Could you return every line of the material that contains the word "SilkS"?

:: Information supplied ::

BEGIN

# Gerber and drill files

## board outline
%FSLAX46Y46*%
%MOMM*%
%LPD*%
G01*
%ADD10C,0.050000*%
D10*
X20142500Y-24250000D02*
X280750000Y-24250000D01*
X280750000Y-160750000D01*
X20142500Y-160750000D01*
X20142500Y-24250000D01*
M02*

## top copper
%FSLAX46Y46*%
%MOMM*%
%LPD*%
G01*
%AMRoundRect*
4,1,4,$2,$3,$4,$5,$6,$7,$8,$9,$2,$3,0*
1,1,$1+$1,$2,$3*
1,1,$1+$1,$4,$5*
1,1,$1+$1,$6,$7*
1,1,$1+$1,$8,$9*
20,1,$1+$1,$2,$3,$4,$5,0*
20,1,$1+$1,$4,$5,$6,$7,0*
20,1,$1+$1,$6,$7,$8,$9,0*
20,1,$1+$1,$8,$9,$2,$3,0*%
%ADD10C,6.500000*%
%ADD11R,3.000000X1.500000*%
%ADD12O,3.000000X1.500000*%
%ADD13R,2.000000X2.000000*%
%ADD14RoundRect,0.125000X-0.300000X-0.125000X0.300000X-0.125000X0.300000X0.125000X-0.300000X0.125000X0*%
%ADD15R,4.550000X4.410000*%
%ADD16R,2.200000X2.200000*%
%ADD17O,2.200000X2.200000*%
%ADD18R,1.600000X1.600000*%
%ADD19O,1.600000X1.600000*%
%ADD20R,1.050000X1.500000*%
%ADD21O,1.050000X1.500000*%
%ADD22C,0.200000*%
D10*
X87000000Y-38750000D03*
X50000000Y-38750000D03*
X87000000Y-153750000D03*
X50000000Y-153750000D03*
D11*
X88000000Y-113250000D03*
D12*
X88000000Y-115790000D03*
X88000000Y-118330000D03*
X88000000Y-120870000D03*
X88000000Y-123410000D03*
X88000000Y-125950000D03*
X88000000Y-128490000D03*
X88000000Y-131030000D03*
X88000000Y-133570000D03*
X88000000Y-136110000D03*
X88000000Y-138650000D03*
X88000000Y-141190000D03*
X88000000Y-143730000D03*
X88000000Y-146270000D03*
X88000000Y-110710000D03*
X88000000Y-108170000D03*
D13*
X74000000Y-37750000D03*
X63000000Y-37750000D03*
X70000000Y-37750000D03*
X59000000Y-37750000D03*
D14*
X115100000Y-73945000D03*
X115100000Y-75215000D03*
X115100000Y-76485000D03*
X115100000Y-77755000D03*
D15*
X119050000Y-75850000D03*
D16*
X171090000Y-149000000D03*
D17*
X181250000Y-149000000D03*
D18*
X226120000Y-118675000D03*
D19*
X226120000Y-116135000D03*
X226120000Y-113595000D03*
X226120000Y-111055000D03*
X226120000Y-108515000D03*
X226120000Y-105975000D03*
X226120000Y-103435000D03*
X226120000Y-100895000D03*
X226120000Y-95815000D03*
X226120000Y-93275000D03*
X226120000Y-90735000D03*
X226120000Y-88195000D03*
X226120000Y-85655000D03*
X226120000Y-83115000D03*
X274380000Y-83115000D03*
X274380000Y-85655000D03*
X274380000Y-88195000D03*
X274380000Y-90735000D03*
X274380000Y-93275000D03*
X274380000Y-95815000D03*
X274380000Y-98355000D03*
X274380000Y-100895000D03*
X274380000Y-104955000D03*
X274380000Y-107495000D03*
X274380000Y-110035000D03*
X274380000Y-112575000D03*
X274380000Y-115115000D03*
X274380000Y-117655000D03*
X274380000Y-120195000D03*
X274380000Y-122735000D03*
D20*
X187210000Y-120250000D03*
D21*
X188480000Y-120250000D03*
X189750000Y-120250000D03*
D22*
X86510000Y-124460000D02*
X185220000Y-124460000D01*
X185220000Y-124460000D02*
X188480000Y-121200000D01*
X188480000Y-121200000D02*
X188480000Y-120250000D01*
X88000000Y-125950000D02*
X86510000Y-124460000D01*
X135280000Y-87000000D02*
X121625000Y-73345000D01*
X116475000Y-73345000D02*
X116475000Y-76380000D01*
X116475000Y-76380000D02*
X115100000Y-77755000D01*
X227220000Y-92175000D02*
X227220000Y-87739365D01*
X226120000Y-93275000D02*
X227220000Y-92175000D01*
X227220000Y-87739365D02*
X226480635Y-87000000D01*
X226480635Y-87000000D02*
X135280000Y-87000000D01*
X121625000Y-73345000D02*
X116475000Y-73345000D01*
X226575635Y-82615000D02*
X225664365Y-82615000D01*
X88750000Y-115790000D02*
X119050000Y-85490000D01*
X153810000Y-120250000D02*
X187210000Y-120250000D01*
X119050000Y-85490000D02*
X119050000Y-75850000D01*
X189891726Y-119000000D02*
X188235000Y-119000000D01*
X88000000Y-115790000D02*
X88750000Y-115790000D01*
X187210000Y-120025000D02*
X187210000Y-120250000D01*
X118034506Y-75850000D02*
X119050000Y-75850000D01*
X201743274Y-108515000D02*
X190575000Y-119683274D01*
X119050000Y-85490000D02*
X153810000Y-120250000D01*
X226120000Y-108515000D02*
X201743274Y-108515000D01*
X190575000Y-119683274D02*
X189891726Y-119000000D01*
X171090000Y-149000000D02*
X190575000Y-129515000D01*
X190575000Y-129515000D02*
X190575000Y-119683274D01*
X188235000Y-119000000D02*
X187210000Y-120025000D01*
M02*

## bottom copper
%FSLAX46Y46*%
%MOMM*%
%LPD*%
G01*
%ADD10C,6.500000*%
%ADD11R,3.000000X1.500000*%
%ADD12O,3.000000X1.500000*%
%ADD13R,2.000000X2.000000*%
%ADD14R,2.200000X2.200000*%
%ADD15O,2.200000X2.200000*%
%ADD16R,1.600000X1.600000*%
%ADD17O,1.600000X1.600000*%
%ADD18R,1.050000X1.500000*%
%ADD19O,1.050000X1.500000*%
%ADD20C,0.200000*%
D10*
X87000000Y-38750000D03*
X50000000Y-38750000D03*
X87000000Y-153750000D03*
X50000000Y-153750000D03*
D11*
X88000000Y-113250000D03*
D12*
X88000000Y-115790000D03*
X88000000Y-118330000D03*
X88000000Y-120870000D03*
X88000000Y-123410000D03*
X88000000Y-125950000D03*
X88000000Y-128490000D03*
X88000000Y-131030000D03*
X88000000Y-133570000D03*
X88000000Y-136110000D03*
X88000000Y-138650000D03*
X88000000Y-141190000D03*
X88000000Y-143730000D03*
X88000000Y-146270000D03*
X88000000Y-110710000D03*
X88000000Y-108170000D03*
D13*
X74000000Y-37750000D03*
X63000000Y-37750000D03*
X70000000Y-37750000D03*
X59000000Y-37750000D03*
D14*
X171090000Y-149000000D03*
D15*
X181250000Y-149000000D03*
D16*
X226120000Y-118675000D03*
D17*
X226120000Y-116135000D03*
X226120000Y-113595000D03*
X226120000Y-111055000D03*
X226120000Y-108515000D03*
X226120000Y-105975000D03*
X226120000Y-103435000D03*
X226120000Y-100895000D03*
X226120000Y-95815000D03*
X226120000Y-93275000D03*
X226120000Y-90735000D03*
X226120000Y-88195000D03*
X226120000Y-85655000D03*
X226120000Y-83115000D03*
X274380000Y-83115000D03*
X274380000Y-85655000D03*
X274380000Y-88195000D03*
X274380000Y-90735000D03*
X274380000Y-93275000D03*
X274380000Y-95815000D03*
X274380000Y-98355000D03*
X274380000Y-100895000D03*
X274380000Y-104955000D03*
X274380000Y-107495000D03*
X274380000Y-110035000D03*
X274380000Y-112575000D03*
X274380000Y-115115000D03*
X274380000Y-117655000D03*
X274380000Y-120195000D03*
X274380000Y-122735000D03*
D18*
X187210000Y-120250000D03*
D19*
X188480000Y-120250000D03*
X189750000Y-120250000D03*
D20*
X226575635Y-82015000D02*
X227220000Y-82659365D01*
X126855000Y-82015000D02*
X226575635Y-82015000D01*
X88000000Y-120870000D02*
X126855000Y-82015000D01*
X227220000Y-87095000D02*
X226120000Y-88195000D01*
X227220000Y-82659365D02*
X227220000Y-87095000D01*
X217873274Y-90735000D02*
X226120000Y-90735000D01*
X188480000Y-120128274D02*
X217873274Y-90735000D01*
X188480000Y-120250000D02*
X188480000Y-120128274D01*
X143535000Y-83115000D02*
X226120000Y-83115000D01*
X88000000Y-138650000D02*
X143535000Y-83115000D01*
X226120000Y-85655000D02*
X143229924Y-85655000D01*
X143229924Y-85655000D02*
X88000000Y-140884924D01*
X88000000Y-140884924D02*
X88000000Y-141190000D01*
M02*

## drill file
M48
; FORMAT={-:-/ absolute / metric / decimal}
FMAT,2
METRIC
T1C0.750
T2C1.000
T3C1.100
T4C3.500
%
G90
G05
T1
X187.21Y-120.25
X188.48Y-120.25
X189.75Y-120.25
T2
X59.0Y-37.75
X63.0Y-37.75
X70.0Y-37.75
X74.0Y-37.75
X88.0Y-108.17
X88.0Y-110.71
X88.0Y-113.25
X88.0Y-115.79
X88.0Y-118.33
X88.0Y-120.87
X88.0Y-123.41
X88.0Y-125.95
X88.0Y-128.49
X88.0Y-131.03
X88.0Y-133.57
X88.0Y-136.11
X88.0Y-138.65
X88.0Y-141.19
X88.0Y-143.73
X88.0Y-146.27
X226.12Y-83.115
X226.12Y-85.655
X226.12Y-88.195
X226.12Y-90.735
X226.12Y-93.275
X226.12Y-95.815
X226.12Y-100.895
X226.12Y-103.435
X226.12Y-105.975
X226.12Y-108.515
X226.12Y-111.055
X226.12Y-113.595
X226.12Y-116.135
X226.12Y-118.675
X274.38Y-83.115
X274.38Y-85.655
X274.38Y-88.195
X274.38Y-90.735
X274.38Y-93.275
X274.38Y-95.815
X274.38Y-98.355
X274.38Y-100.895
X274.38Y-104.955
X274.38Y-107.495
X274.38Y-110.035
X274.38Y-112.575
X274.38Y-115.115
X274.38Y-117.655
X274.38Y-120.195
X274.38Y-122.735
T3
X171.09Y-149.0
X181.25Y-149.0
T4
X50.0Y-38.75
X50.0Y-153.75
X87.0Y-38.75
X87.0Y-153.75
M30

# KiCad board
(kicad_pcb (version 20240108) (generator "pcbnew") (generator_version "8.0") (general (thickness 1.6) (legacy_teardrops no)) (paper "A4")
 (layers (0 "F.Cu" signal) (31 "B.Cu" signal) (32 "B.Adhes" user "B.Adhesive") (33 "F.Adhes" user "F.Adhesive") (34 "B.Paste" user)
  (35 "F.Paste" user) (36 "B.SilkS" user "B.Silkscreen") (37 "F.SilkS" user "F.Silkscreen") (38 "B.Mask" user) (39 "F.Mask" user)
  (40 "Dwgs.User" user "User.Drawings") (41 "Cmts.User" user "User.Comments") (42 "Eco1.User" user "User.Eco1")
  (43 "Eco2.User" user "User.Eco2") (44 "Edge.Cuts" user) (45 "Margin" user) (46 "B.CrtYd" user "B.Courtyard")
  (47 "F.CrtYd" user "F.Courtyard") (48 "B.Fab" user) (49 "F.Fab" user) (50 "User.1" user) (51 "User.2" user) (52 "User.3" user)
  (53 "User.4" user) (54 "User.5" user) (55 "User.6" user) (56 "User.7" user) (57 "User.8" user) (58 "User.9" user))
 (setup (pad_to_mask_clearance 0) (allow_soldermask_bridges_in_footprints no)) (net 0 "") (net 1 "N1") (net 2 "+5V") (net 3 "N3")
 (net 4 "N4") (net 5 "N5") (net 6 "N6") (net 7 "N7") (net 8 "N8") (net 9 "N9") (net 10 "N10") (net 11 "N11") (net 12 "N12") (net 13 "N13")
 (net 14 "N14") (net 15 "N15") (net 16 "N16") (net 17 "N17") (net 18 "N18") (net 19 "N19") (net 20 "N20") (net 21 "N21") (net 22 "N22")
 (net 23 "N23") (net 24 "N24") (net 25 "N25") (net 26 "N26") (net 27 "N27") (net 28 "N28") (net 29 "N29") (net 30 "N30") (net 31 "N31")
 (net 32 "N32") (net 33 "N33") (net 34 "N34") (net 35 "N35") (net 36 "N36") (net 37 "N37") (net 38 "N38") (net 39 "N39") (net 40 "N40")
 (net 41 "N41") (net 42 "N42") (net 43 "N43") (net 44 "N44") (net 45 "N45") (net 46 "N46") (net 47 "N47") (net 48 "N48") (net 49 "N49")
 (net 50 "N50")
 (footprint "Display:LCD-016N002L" (layer "F.Cu") (at 88 113.25 -90)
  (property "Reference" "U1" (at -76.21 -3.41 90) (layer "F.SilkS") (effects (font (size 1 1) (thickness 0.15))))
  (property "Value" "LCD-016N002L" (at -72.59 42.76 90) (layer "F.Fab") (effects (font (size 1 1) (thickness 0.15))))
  (pad "" thru_hole circle (at -74.5 1 90) (size 6.5 6.5) (drill 3.5) (layers "*.Cu" "*.Mask") (remove_unused_layers no))
  (pad "" thru_hole circle (at -74.5 38 90) (size 6.5 6.5) (drill 3.5) (layers "*.Cu" "*.Mask") (remove_unused_layers no))
  (pad "" thru_hole circle (at 40.5 1 90) (size 6.5 6.5) (drill 3.5) (layers "*.Cu" "*.Mask") (remove_unused_layers no))
  (pad "" thru_hole circle (at 40.5 38 90) (size 6.5 6.5) (drill 3.5) (layers "*.Cu" "*.Mask") (remove_unused_layers no))
  (pad "1" thru_hole rect (at 0 0 90) (size 1.5 3) (drill 1) (layers "*.Cu" "*.Mask") (remove_unused_layers no) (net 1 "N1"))
  (pad "2" thru_hole oval (at 2.54 0 90) (size 1.5 3) (drill 1) (layers "*.Cu" "*.Mask") (remove_unused_layers no) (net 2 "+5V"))
  (pad "3" thru_hole oval (at 5.08 0 90) (size 1.5 3) (drill 1) (layers "*.Cu" "*.Mask") (remove_unused_layers no) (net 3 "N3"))
  (pad "4" thru_hole oval (at 7.62 0 90) (size 1.5 3) (drill 1) (layers "*.Cu" "*.Mask") (remove_unused_layers no) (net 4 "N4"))
  (pad "5" thru_hole oval (at 10.16 0 90) (size 1.5 3) (drill 1) (layers "*.Cu" "*.Mask") (remove_unused_layers no) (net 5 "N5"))
  (pad "6" thru_hole oval (at 12.7 0 90) (size 1.5 3) (drill 1) (layers "*.Cu" "*.Mask") (remove_unused_layers no) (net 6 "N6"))
  (pad "7" thru_hole oval (at 15.24 0 90) (size 1.5 3) (drill 1) (layers "*.Cu" "*.Mask") (remove_unused_layers no) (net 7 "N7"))
  (pad "8" thru_hole oval (at 17.78 0 90) (size 1.5 3) (drill 1) (layers "*.Cu" "*.Mask") (remove_unused_layers no) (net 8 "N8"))
  (pad "9" thru_hole oval (at 20.32 0 90) (size 1.5 3) (drill 1) (layers "*.Cu" "*.Mask") (remove_unused_layers no) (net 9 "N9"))
  (pad "10" thru_hole oval (at 22.86 0 90) (size 1.5 3) (drill 1) (layers "*.Cu" "*.Mask") (remove_unused_layers no) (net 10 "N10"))
  (pad "11" thru_hole oval (at 25.4 0 90) (size 1.5 3) (drill 1) (layers "*.Cu" "*.Mask") (remove_unused_layers no) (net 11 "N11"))
  (pad "12" thru_hole oval (at 27.94 0 90) (size 1.5 3) (drill 1) (layers "*.Cu" "*.Mask") (remove_unused_layers no) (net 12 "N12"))
  (pad "13" thru_hole oval (at 30.48 0 90) (size 1.5 3) (drill 1) (layers "*.Cu" "*.Mask") (remove_unused_layers no) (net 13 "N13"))
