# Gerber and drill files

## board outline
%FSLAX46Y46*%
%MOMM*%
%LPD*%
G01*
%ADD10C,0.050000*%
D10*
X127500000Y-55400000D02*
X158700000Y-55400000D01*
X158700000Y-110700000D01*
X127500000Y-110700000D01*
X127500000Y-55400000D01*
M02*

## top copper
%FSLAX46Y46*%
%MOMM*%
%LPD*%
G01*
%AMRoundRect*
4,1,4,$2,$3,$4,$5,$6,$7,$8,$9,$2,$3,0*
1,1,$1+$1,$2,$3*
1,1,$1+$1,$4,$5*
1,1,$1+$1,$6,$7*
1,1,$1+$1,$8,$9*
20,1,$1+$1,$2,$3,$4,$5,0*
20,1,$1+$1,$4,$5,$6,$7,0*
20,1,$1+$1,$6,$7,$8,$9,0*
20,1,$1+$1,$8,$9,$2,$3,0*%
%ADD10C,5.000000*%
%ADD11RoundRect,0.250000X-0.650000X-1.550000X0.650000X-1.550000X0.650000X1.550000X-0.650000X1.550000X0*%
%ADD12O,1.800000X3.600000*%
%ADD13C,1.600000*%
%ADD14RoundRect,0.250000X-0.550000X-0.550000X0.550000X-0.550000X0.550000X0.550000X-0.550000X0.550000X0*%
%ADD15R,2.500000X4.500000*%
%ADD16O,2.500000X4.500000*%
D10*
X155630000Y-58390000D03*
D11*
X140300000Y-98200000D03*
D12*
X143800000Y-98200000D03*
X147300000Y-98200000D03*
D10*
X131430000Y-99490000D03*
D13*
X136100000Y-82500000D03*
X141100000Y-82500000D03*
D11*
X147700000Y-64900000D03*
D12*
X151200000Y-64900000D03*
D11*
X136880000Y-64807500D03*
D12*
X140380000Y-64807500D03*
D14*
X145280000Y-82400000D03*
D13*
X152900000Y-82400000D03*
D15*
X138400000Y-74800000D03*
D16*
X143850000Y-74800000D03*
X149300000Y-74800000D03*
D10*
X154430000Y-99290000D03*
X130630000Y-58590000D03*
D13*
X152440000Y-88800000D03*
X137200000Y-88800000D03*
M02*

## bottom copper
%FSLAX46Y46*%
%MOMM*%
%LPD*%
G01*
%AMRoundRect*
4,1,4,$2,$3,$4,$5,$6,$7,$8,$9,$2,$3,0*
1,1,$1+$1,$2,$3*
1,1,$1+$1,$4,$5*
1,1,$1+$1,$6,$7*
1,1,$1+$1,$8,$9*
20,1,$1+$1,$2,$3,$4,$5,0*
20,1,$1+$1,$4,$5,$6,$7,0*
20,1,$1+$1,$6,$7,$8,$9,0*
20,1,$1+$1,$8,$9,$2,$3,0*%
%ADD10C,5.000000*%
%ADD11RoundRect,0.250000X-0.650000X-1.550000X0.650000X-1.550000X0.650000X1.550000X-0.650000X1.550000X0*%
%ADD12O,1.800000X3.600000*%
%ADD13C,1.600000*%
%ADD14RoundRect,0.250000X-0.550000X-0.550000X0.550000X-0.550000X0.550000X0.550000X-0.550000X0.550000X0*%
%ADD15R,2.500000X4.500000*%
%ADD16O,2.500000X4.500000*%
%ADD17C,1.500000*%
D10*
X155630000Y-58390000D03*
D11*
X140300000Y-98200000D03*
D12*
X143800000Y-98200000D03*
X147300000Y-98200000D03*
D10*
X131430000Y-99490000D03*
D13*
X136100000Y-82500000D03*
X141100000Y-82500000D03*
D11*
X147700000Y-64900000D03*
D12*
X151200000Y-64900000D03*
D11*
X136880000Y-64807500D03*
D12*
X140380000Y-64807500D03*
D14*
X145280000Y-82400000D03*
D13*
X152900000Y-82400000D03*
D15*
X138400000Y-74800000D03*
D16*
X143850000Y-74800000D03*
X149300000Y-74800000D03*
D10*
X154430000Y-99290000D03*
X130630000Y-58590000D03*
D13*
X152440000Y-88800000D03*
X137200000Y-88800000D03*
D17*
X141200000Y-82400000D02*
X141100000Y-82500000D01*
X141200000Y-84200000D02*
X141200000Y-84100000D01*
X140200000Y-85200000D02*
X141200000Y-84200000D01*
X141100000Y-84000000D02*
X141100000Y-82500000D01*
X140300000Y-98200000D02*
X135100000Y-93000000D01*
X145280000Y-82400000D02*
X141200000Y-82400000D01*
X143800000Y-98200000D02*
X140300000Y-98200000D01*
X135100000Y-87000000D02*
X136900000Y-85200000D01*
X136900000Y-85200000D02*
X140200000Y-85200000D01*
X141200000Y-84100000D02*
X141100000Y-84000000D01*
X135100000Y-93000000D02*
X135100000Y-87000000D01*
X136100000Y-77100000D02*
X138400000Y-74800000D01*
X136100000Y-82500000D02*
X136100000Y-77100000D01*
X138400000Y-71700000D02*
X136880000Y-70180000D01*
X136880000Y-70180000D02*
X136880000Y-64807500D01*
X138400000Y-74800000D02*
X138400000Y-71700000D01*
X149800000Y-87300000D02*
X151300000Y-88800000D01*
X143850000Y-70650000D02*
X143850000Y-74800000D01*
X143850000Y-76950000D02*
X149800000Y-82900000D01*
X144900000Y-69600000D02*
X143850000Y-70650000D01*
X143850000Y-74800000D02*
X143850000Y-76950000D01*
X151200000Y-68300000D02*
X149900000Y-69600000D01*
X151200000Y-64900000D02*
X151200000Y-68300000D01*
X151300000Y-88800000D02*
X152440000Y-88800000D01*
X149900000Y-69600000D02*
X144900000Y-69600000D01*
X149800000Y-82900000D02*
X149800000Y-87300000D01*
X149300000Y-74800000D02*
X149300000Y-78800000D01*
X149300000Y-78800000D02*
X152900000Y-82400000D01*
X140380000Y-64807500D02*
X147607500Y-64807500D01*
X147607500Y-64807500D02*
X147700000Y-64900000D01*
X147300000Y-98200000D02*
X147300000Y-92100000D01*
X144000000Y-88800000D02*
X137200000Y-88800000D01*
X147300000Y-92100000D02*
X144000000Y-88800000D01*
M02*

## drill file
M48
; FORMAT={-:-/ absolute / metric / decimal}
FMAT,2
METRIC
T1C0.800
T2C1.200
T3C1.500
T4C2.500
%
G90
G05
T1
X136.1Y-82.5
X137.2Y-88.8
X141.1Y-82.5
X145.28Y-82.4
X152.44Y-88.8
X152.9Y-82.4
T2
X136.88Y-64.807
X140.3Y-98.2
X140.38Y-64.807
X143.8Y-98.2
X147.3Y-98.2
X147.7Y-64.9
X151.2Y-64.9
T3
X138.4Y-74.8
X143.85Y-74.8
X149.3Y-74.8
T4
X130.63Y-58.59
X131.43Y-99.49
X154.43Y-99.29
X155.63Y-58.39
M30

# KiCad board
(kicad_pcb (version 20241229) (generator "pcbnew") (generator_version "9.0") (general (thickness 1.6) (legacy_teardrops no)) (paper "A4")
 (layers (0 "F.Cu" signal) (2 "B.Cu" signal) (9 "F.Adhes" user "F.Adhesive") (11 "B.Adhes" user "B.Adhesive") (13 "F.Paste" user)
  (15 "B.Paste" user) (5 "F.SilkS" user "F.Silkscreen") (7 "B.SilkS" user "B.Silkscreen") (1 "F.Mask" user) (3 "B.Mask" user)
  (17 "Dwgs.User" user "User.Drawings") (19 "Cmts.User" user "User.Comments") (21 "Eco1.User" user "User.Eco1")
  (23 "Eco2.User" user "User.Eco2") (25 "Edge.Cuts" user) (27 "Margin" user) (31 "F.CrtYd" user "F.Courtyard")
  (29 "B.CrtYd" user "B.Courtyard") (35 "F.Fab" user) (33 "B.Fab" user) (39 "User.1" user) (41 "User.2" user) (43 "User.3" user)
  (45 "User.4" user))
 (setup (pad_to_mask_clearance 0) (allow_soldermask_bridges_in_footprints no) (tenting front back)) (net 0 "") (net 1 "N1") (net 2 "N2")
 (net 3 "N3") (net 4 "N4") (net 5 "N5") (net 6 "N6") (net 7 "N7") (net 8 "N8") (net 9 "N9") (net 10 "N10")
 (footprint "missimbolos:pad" (layer "F.Cu") (at 155.6 58.4)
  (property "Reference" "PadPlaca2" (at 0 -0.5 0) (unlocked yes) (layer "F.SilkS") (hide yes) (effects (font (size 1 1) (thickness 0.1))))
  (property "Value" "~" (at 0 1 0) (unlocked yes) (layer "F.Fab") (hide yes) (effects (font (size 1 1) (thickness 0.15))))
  (pad "1" thru_hole circle (at 0.03 -0.01) (size 5 5) (drill 2.5) (layers "*.Cu" "*.Mask") (remove_unused_layers no) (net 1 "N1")))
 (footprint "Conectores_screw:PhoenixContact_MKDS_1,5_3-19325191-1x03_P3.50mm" (layer "F.Cu") (at 140.3 95.66)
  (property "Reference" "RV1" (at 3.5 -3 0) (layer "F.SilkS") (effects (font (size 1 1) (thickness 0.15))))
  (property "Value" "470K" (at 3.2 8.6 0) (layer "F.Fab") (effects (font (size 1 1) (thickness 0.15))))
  (pad "1" thru_hole roundrect (at 0 2.54) (size 1.8 3.6) (drill 1.2) (layers "*.Cu" "*.Mask") (remove_unused_layers no)
   (roundrect_rratio 0.138889) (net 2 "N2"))
  (pad "2" thru_hole oval (at 3.5 2.54) (size 1.8 3.6) (drill 1.2) (layers "*.Cu" "*.Mask") (remove_unused_layers no) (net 2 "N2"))
  (pad "3" thru_hole oval (at 7 2.54) (size 1.8 3.6) (drill 1.2) (layers "*.Cu" "*.Mask") (remove_unused_layers no) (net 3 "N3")))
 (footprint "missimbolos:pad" (layer "F.Cu") (at 131.4 99.5)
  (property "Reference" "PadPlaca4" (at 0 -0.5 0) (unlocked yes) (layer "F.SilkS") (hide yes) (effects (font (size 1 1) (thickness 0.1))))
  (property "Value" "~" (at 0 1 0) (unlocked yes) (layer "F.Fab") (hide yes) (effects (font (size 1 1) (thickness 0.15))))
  (pad "1" thru_hole circle (at 0.03 -0.01) (size 5 5) (drill 2.5) (layers "*.Cu" "*.Mask") (remove_unused_layers no) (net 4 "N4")))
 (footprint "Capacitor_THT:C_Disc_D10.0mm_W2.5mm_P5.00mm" (layer "F.Cu") (at 136.1 82.5)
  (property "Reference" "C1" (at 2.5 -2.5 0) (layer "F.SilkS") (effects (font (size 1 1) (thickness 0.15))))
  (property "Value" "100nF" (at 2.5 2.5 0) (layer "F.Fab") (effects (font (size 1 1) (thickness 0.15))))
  (pad "1" thru_hole circle (at 0 0) (size 1.6 1.6) (drill 0.8) (layers "*.Cu" "*.Mask") (remove_unused_layers no) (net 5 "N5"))
  (pad "2" thru_hole circle (at 5 0) (size 1.6 1.6) (drill 0.8) (layers "*.Cu" "*.Mask") (remove_unused_layers no) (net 2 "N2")))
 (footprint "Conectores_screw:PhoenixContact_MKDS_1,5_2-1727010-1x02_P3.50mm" (layer "F.Cu") (at 147.7 62.36)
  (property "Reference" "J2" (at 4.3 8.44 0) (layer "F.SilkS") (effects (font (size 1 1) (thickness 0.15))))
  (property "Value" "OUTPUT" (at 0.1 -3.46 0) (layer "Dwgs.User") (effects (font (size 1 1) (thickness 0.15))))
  (pad "1" thru_hole roundrect (at 0 2.54) (size 1.8 3.6) (drill 1.2) (layers "*.Cu" "*.Mask") (remove_unused_layers no)
   (roundrect_rratio 0.138889) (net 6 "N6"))
  (pad "2" thru_hole oval (at 3.5 2.54) (size 1.8 3.6) (drill 1.2) (layers "*.Cu" "*.Mask") (remove_unused_layers no) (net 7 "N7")))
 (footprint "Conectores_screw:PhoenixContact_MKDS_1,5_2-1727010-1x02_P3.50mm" (layer "F.Cu") (at 136.88 62.2675)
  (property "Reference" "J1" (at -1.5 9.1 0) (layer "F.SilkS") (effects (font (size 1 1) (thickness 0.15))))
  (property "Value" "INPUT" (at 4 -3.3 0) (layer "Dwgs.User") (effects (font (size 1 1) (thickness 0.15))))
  (pad "1" thru_hole roundrect (at 0 2.54) (size 1.8 3.6) (drill 1.2) (layers "*.Cu" "*.Mask") (remove_unused_layers no)
   (roundrect_rratio 0.138889) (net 5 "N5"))
  (pad "2" thru_hole oval (at 3.5 2.54) (size 1.8 3.6) (drill 1.2) (layers "*.Cu" "*.Mask") (remove_unused_layers no) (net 6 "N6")))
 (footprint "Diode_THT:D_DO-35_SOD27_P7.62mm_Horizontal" (layer "F.Cu") (at 145.28 82.4)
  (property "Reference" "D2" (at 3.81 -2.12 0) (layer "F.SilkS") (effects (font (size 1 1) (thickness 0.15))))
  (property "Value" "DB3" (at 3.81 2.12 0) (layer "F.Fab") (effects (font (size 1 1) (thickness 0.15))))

END

:: Exercise solution ::
  (35 "F.Paste" user) (36 "B.SilkS" user "B.Silkscreen") (37 "F.SilkS" user "F.Silkscreen") (38 "B.Mask" user) (39 "F.Mask" user)
  (property "Reference" "U1" (at -76.21 -3.41 90) (layer "F.SilkS") (effects (font (size 1 1) (thickness 0.15))))
  (15 "B.Paste" user) (5 "F.SilkS" user "F.Silkscreen") (7 "B.SilkS" user "B.Silkscreen") (1 "F.Mask" user) (3 "B.Mask" user)
  (property "Reference" "PadPlaca2" (at 0 -0.5 0) (unlocked yes) (layer "F.SilkS") (hide yes) (effects (font (size 1 1) (thickness 0.1))))
  (property "Reference" "RV1" (at 3.5 -3 0) (layer "F.SilkS") (effects (font (size 1 1) (thickness 0.15))))
  (property "Reference" "PadPlaca4" (at 0 -0.5 0) (unlocked yes) (layer "F.SilkS") (hide yes) (effects (font (size 1 1) (thickness 0.1))))
  (property "Reference" "C1" (at 2.5 -2.5 0) (layer "F.SilkS") (effects (font (size 1 1) (thickness 0.15))))
  (property "Reference" "J2" (at 4.3 8.44 0) (layer "F.SilkS") (effects (font (size 1 1) (thickness 0.15))))
  (property "Reference" "J1" (at -1.5 9.1 0) (layer "F.SilkS") (effects (font (size 1 1) (thickness 0.15))))
  (property "Reference" "D2" (at 3.81 -2.12 0) (layer "F.SilkS") (effects (font (size 1 1) (thickness 0.15))))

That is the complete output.